Mimics C#-style extension methods in Python.

extensionmethods is a tiny package that lets you “attach” functions to existing types without modifying their source code, enabling method-like syntax, better chaining, and cleaner separation of optional dependencies.

Example usage

In C#, you can add methods to existing types:

public static class IntExtensions
{
    public static int Double(this int x)
    {
        return x * 2;
    }
}

int result = 7.Double();

You get method syntax without modifying int.

With the extensionmethods package you can achieve similiar functionality like so:

from extensionmethods import extension

@extension(to=int)
def double(x: int) -> int:
    return x * 2

result = 7 | double()
print(result)  # 14

With parameters:

@extension(to=int)
def add_then_multiply(x: int, to_add: int, to_multiply: int) -> int:
    return (x + to_add) * to_multiply

result = 7 | add_then_multiply(11, 3)
print(result)  # 54

The value on the left side becomes the first argument of the function.

Type safety and type checking

The extension methods are type-aware.

When you declare an extension, you bind it to a specific type:

@extension(to=int)
def double(x: int) -> int:
    return x * 2

This gives you safety at two levels:

  • IDE / static type checking Type checkers and editors can detect incorrect usage:

    "hello" | double()  # type error
    

    Your IDE (e.g. VS Code) can flag this because the extension is declared for int, not str.

  • Runtime enforcement

    Even if type checking is bypassed, the library validates the type at runtime:

    >>> "hello" | double()
    TypeError: Extension 'double' can only be used on 'int', not 'str'
    

Installation

Using pip:

pip install extensionmethods

Using uv:

uv pip install extensionmethods

Why use extension methods?

Readability through chaining

Instead of nested calls:

result = normalize(scale(center(data)))

You can express the same flow step-by-step:

result = data | center() | scale() | normalize()

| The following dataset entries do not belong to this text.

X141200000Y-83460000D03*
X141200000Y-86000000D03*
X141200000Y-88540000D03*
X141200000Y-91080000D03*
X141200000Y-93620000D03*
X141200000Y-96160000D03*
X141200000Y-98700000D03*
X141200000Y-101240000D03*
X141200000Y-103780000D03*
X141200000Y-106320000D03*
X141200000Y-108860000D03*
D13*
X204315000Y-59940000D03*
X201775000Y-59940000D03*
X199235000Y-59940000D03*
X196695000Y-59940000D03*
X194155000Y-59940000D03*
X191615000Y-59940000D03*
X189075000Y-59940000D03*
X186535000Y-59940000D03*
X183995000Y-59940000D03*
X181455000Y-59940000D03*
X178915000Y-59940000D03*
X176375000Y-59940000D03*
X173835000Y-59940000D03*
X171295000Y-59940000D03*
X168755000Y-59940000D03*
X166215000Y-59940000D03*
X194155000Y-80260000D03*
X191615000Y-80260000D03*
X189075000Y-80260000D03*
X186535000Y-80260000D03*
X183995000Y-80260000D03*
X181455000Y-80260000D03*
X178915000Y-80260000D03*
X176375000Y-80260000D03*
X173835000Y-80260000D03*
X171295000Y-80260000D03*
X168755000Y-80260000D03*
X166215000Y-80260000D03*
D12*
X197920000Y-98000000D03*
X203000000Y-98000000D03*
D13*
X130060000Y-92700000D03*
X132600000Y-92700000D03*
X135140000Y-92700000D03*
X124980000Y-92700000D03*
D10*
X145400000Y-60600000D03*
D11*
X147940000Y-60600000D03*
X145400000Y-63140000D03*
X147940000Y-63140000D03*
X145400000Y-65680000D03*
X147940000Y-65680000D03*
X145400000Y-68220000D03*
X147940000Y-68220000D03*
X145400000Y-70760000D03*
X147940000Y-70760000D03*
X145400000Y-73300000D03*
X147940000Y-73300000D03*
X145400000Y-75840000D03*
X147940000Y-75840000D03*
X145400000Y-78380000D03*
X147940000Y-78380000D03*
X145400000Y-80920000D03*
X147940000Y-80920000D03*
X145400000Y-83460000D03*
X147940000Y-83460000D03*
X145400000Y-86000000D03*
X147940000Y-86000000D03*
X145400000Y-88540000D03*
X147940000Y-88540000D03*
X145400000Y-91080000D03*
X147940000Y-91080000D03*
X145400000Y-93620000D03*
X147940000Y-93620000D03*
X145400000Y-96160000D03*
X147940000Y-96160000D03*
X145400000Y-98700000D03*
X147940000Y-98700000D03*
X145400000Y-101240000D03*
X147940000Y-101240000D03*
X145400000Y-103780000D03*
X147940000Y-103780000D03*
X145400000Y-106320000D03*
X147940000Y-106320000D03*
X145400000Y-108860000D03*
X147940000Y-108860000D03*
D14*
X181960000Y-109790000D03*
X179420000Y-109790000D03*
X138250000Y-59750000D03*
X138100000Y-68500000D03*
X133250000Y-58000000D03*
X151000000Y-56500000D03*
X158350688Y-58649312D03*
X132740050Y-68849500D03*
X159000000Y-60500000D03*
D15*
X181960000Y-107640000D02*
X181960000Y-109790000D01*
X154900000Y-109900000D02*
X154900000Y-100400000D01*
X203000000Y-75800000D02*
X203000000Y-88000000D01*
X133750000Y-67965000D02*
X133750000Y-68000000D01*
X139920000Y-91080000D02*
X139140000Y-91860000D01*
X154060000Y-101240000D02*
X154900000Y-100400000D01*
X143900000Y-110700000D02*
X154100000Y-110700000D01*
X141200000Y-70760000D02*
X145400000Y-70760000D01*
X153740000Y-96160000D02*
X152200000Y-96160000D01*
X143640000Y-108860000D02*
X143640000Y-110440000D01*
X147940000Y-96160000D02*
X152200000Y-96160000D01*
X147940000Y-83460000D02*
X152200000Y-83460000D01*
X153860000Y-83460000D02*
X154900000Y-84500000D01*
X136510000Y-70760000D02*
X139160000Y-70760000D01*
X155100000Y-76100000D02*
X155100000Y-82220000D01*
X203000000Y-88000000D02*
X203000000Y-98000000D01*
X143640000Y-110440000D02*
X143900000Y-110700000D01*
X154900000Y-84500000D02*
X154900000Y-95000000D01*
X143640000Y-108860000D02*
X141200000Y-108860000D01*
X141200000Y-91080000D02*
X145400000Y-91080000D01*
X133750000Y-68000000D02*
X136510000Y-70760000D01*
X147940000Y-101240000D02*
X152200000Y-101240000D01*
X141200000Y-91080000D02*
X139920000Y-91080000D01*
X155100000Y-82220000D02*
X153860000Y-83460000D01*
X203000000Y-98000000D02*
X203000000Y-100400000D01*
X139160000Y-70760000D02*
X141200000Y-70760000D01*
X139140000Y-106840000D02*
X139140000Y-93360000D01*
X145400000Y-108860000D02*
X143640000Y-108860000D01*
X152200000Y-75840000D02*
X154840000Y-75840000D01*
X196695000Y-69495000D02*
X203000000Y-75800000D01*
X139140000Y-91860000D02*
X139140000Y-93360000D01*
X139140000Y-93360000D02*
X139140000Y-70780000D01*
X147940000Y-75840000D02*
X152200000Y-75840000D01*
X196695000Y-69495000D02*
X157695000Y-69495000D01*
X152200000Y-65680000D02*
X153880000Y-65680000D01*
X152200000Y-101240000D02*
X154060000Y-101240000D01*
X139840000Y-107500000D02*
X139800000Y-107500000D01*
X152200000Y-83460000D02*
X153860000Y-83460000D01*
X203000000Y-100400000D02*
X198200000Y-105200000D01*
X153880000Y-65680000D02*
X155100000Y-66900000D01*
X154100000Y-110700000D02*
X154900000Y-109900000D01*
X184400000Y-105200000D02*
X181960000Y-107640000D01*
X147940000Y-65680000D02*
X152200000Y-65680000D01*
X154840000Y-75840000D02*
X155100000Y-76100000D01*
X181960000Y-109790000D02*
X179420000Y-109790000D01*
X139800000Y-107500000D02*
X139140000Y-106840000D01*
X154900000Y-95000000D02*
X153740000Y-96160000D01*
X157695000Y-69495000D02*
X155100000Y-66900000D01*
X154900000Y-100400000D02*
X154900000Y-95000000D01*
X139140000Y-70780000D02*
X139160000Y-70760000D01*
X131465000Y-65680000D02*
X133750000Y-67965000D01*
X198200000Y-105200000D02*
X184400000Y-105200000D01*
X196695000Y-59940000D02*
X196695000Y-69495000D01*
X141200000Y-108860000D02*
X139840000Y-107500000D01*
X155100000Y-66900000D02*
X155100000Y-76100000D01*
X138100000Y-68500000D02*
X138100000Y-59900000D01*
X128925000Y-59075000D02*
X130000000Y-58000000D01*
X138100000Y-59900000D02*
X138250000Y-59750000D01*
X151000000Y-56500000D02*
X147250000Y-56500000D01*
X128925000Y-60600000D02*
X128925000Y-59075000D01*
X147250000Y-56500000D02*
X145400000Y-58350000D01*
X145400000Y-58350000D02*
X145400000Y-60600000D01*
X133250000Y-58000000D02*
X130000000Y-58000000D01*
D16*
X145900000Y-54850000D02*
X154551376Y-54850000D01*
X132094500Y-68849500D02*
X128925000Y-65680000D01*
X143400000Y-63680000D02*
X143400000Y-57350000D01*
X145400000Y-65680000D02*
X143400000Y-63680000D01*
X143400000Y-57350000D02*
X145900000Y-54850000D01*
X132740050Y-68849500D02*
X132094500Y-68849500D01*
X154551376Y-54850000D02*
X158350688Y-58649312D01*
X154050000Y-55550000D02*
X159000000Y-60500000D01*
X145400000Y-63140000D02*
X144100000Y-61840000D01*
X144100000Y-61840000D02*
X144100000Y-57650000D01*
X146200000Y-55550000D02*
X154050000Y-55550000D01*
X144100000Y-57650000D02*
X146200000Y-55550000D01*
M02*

This reads left-to-right and mirrors how data is conceptually transformed.

Modularity and dependency isolation

Suppose you maintain a core class:

class Dataset:
    ...

You want export helpers:

  • to_pandas()
  • to_numpy()
  • to_torch()

If you put these methods directly on Dataset, your core package must depend on pandas, numpy, and torch.

Instead, keep the core dependency-free:

# core package
class Dataset:
    ...

Then provide optional extensions:

# dataset_pandas package
import pandas as pd
from extensionmethods import extension
from core import Dataset

@extension(to=Dataset)
def to_pandas(ds: Dataset) -> pd.DataFrame:
    ...

Usage:

import dataset_pandas  # registers the extension

df = dataset | to_pandas()

Now:

  • The core package has zero heavy dependencies
  • Users only install what they need
  • Functionality stays logically grouped

Known caveats

IDE type hints may be misleading

Editors like VS Code may show hover/type information for the decorator wrapper, not the original function.

@extension(to=int)
def double(x: int) -> int:
    return x * 2

Hovering double may not show the expected signature (x: int) -> int, but instead (function) double: ExtensionDecoratorFactory[int].

Uses the | operator (__ror__)

The system works by overriding the right-side bitwise OR operator.

result = value | extension_call()

This only works if the left-hand type does not fully consume the | operator itself.

For example, sets already use |:

{1, 2} | {3}   # set union

If a type defines its own __or__ in a way that prevents fallback to __ror__, the extension method will not run.

License

This project is licensed under the MIT License. See the LICENSE file for details.